> _Input for this task_:
= = = = = = =

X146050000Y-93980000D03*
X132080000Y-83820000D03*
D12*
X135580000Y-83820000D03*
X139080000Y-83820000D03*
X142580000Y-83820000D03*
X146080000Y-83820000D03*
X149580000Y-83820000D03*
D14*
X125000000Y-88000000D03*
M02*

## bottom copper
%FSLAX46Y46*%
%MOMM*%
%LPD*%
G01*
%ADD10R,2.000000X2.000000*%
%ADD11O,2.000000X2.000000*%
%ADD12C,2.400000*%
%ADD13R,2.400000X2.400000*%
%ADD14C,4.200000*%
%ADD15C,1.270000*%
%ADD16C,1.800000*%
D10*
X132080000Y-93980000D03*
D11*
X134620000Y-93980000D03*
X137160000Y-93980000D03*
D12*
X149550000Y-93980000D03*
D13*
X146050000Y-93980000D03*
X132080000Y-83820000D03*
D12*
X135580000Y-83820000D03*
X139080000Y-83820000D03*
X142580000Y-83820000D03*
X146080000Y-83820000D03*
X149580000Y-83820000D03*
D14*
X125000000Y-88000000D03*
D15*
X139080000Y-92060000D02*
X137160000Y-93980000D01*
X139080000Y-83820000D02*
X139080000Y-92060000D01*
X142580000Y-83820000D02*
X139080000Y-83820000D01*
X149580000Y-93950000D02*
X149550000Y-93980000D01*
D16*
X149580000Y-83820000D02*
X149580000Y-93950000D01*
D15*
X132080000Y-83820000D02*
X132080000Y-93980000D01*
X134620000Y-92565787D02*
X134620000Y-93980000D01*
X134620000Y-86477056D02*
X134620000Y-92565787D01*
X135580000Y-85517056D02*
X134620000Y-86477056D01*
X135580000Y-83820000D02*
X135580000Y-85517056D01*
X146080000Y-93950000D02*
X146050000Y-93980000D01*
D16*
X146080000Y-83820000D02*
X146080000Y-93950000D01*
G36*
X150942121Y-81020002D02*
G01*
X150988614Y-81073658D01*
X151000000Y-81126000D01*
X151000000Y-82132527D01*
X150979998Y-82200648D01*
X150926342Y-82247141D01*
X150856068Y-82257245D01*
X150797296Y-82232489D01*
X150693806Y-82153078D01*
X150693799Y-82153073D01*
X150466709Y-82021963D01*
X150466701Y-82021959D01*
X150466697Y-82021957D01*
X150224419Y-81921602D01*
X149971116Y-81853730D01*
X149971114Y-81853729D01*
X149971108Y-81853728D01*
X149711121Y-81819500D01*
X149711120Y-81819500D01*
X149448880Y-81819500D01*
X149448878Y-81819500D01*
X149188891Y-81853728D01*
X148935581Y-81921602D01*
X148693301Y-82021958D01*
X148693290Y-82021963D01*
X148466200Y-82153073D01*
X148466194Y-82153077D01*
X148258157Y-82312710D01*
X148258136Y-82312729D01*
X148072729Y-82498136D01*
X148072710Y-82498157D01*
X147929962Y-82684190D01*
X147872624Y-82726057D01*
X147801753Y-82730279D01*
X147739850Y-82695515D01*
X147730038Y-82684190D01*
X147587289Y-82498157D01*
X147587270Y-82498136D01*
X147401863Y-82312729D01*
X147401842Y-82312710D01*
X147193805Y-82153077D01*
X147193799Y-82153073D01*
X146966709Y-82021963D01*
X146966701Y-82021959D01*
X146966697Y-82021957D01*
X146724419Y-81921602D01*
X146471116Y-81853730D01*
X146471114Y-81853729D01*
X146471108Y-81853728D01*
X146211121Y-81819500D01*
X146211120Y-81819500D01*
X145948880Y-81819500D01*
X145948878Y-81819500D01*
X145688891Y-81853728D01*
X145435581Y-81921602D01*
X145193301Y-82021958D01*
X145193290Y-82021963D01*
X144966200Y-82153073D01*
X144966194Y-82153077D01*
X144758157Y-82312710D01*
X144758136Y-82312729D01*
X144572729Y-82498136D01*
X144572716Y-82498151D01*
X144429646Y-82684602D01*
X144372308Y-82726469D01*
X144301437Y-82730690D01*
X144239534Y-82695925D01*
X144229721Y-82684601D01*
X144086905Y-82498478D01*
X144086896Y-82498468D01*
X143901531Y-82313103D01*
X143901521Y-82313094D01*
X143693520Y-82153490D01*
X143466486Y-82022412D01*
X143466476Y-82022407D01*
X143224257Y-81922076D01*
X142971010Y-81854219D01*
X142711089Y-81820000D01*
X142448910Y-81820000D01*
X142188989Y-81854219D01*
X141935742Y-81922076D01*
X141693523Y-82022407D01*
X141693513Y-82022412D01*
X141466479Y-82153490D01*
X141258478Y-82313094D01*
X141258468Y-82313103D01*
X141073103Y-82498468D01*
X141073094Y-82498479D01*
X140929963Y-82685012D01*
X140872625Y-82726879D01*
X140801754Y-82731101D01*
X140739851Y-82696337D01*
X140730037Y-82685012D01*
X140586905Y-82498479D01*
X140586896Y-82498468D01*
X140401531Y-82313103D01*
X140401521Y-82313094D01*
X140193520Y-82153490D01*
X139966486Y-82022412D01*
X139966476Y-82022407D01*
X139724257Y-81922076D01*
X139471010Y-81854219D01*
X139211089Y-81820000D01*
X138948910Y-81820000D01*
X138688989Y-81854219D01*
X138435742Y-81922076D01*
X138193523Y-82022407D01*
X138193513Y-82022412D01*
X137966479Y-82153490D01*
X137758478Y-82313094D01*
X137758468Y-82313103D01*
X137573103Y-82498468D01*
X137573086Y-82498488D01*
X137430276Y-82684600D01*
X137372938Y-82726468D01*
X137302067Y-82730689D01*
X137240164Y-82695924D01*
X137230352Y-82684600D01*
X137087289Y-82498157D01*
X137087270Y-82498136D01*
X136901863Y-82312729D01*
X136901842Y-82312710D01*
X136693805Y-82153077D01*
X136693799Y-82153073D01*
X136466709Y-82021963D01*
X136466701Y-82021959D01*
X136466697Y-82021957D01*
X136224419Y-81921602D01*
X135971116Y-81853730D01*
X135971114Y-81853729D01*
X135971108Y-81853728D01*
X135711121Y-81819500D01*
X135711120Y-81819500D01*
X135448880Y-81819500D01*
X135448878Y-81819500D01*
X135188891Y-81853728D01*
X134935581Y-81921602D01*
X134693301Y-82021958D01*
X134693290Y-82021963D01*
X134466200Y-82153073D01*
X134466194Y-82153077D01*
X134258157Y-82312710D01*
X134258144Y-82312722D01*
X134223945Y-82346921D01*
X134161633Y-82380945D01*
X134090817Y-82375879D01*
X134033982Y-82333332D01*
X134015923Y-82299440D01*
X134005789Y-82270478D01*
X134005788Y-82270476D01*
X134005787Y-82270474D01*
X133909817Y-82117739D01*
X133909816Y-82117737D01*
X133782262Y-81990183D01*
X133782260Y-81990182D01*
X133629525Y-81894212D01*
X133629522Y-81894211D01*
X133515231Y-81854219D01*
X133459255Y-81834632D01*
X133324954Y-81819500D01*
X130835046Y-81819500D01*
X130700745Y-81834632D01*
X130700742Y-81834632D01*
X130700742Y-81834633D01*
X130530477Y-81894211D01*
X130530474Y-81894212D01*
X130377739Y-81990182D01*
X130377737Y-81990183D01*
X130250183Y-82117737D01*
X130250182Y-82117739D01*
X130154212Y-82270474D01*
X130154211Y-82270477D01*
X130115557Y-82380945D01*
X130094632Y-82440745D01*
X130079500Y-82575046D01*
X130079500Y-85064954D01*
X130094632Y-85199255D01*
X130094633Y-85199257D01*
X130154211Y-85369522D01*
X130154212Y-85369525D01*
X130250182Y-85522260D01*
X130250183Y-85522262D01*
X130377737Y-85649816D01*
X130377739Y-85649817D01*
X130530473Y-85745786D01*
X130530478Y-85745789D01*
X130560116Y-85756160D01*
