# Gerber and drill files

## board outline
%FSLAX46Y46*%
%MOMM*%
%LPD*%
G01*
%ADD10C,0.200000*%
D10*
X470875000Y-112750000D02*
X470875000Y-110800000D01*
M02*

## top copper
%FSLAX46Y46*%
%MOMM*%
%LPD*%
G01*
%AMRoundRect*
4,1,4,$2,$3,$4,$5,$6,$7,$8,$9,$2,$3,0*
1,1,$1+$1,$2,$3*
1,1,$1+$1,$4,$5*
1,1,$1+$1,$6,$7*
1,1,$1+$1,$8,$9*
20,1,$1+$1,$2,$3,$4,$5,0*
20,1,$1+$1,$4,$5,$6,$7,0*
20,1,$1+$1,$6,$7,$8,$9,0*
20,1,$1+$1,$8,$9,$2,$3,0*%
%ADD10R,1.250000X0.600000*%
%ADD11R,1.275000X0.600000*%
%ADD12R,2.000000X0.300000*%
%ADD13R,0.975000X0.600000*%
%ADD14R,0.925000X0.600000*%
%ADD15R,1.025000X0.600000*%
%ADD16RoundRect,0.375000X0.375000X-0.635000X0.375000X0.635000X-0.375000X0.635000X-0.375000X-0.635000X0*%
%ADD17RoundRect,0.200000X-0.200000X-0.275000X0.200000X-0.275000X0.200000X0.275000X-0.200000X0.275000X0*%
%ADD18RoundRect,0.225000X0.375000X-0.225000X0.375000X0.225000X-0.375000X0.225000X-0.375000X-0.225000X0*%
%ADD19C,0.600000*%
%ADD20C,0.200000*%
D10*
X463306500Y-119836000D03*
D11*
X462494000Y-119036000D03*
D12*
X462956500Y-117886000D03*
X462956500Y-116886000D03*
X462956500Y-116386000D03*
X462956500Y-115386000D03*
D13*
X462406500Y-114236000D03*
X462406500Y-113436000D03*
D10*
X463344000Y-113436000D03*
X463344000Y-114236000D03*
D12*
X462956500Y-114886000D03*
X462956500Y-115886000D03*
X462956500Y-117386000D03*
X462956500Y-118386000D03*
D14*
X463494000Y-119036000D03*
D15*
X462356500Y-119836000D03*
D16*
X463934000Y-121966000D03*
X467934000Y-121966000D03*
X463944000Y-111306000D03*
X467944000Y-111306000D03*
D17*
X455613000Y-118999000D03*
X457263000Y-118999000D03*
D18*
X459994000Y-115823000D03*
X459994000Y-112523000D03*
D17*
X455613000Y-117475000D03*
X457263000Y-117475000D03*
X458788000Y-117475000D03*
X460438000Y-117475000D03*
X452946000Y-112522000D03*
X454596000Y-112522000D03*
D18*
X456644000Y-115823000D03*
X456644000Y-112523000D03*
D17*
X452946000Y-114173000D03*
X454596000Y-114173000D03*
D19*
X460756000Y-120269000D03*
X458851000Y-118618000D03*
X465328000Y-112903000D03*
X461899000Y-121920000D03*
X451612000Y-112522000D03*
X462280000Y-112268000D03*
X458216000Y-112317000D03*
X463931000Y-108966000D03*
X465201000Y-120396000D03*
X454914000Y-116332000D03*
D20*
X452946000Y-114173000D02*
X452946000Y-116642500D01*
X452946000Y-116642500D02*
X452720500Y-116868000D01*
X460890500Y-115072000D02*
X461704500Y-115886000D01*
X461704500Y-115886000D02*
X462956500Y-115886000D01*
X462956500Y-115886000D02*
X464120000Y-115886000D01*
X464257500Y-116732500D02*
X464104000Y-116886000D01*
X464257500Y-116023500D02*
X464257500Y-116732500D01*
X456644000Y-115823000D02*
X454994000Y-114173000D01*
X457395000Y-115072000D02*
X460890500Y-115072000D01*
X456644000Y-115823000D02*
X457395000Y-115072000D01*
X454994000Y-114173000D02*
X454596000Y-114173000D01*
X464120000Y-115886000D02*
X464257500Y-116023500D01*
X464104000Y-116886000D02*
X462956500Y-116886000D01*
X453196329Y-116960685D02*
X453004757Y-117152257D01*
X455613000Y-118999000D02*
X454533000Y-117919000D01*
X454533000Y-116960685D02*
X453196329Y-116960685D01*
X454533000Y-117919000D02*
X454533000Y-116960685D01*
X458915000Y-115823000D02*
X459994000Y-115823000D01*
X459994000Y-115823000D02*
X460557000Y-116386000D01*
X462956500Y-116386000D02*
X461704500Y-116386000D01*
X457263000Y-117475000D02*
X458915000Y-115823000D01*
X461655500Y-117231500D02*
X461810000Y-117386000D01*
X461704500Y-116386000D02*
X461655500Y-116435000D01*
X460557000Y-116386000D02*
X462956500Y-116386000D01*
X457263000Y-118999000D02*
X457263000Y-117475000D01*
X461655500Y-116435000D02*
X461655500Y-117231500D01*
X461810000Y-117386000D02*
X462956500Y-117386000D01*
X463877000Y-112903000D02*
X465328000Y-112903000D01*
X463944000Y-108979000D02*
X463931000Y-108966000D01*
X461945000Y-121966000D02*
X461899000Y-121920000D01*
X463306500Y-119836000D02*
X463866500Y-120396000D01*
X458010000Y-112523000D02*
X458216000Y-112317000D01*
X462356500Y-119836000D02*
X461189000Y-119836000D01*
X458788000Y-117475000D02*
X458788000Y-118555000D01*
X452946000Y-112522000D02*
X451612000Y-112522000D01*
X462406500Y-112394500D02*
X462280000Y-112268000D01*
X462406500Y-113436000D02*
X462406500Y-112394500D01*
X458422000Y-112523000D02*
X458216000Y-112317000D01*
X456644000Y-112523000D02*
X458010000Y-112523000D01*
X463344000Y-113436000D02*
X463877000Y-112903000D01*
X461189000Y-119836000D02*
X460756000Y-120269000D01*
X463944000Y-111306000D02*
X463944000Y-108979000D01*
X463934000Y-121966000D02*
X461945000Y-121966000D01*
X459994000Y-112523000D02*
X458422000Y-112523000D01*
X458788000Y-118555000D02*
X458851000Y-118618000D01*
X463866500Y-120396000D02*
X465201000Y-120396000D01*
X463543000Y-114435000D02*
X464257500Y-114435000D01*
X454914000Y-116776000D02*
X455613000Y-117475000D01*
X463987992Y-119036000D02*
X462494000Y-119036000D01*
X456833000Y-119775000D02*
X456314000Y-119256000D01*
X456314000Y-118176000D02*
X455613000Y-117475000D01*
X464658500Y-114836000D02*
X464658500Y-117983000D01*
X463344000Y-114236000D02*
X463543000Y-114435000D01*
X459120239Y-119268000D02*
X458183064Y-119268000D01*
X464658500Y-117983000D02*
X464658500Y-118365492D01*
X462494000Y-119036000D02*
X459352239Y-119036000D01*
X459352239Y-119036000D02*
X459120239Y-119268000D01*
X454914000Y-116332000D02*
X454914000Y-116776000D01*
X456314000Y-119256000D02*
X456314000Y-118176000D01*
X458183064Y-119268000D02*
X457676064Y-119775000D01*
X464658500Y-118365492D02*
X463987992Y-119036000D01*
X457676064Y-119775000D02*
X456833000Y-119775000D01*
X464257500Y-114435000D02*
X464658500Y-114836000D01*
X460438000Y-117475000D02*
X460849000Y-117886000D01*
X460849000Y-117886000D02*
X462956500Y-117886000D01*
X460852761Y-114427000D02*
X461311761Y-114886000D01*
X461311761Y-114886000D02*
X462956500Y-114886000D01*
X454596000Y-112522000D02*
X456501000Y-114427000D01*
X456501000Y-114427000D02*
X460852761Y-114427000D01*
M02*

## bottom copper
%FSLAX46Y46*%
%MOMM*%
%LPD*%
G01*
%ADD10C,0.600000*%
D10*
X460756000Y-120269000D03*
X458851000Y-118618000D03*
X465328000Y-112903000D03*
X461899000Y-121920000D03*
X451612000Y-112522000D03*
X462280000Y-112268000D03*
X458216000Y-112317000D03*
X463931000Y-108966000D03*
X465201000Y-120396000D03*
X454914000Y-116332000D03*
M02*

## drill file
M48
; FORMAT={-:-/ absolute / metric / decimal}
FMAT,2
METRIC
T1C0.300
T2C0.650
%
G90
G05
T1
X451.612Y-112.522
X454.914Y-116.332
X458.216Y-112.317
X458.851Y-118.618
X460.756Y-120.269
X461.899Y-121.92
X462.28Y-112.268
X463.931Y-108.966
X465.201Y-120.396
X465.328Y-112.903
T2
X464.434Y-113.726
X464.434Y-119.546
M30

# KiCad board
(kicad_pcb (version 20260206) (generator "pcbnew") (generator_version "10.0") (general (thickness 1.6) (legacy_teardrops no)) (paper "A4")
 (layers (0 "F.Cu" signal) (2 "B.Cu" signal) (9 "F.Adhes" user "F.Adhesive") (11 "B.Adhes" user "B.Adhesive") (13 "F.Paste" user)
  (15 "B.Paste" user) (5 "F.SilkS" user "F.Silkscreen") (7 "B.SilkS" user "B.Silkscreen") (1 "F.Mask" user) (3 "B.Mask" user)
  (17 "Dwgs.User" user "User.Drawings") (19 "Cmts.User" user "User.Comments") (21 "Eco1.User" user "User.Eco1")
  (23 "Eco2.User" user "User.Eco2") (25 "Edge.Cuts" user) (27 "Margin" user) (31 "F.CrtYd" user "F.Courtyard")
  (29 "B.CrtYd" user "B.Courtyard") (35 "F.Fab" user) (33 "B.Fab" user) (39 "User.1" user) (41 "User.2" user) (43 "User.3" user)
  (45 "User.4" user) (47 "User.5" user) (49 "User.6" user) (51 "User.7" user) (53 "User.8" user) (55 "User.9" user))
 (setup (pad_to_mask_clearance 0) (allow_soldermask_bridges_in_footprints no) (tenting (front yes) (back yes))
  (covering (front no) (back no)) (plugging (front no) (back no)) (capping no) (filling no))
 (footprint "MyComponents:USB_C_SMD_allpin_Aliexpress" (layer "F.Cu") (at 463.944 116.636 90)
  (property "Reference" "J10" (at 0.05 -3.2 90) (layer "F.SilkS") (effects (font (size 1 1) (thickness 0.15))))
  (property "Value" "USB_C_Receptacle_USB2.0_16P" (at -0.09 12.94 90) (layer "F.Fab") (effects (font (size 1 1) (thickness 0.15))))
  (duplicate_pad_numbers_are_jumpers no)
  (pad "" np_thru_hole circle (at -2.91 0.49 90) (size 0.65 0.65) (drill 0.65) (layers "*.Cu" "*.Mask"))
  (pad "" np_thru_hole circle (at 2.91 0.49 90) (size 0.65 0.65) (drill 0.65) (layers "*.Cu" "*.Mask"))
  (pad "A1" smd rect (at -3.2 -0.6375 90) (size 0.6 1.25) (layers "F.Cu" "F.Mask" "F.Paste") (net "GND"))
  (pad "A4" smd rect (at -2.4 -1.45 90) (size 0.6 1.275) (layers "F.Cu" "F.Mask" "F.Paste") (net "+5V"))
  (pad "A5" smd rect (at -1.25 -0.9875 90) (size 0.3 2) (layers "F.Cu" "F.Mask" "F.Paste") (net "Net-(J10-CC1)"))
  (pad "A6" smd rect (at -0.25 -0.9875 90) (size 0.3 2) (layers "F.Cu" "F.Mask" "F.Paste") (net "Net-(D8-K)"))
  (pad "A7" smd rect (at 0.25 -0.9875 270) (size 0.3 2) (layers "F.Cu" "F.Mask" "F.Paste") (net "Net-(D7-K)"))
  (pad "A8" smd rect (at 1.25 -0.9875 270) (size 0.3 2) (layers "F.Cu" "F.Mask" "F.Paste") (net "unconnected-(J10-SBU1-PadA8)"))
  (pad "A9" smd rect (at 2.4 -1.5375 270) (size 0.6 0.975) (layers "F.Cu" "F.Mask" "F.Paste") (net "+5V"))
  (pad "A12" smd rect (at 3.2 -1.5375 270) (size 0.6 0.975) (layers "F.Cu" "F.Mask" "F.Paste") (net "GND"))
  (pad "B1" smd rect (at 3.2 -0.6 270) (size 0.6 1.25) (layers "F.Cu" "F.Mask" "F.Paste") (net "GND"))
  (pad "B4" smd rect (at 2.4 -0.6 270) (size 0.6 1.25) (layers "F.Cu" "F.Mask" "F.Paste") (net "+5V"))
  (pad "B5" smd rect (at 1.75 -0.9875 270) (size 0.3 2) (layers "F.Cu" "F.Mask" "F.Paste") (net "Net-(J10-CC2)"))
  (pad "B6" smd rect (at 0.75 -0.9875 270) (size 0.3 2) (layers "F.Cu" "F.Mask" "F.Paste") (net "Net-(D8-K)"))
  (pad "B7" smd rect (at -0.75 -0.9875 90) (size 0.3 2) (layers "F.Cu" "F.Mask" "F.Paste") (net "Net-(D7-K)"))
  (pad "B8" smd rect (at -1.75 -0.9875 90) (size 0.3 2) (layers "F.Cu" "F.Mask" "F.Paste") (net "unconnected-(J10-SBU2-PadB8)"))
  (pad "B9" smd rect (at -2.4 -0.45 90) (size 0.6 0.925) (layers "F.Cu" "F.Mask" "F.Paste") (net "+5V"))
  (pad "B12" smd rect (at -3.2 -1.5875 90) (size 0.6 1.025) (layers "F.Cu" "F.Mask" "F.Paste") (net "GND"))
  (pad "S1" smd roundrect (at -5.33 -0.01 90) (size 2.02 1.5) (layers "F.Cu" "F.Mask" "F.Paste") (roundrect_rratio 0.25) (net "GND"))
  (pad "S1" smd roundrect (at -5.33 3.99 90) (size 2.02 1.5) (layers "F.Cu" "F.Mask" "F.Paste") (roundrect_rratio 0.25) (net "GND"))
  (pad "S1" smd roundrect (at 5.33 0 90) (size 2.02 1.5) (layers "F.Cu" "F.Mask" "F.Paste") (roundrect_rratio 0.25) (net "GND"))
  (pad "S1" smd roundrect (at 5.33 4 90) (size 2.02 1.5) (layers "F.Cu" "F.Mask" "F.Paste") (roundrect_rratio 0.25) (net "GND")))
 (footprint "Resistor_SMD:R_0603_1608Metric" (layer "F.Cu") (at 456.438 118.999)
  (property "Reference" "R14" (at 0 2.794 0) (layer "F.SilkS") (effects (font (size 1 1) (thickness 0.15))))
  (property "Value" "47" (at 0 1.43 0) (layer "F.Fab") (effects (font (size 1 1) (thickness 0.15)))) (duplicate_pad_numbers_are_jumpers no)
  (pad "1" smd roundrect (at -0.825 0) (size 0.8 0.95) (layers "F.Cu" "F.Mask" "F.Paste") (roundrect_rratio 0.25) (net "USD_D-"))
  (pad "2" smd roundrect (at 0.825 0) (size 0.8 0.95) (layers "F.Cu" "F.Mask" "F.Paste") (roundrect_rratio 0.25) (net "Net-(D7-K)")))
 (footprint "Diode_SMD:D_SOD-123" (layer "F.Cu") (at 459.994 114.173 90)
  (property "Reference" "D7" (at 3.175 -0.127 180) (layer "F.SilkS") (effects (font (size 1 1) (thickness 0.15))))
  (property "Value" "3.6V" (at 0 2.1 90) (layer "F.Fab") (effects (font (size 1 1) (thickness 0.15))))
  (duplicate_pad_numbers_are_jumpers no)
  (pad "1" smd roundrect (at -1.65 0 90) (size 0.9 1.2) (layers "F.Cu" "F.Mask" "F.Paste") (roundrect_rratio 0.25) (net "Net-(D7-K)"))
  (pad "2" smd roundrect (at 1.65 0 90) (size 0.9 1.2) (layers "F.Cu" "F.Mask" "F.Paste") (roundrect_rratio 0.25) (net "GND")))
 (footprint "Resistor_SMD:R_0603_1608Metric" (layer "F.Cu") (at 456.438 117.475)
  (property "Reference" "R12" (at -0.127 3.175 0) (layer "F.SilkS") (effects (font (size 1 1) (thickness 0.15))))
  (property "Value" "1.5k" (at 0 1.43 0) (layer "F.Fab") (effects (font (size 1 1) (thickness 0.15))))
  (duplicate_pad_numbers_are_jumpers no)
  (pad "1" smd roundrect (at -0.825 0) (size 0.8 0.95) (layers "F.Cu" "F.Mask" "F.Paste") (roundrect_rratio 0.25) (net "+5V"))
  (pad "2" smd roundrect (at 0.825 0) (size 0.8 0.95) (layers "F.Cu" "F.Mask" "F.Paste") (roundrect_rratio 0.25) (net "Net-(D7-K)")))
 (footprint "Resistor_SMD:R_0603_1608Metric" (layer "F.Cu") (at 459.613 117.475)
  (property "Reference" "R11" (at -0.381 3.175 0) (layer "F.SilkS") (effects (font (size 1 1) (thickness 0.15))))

= = = = = = =

> _Task brief_:
Above is a listing; print exactly its lines from the one with "X134033982Y-82333332D01*" through the one with "X133324954Y-81819500D01*", and no other lines.

> _Problem solution_:
X134033982Y-82333332D01*
X134015923Y-82299440D01*
X134005789Y-82270478D01*
X134005788Y-82270476D01*
X134005787Y-82270474D01*
X133909817Y-82117739D01*
X133909816Y-82117737D01*
X133782262Y-81990183D01*
X133782260Y-81990182D01*
X133629525Y-81894212D01*
X133629522Y-81894211D01*
X133515231Y-81854219D01*
X133459255Y-81834632D01*
X133324954Y-81819500D01*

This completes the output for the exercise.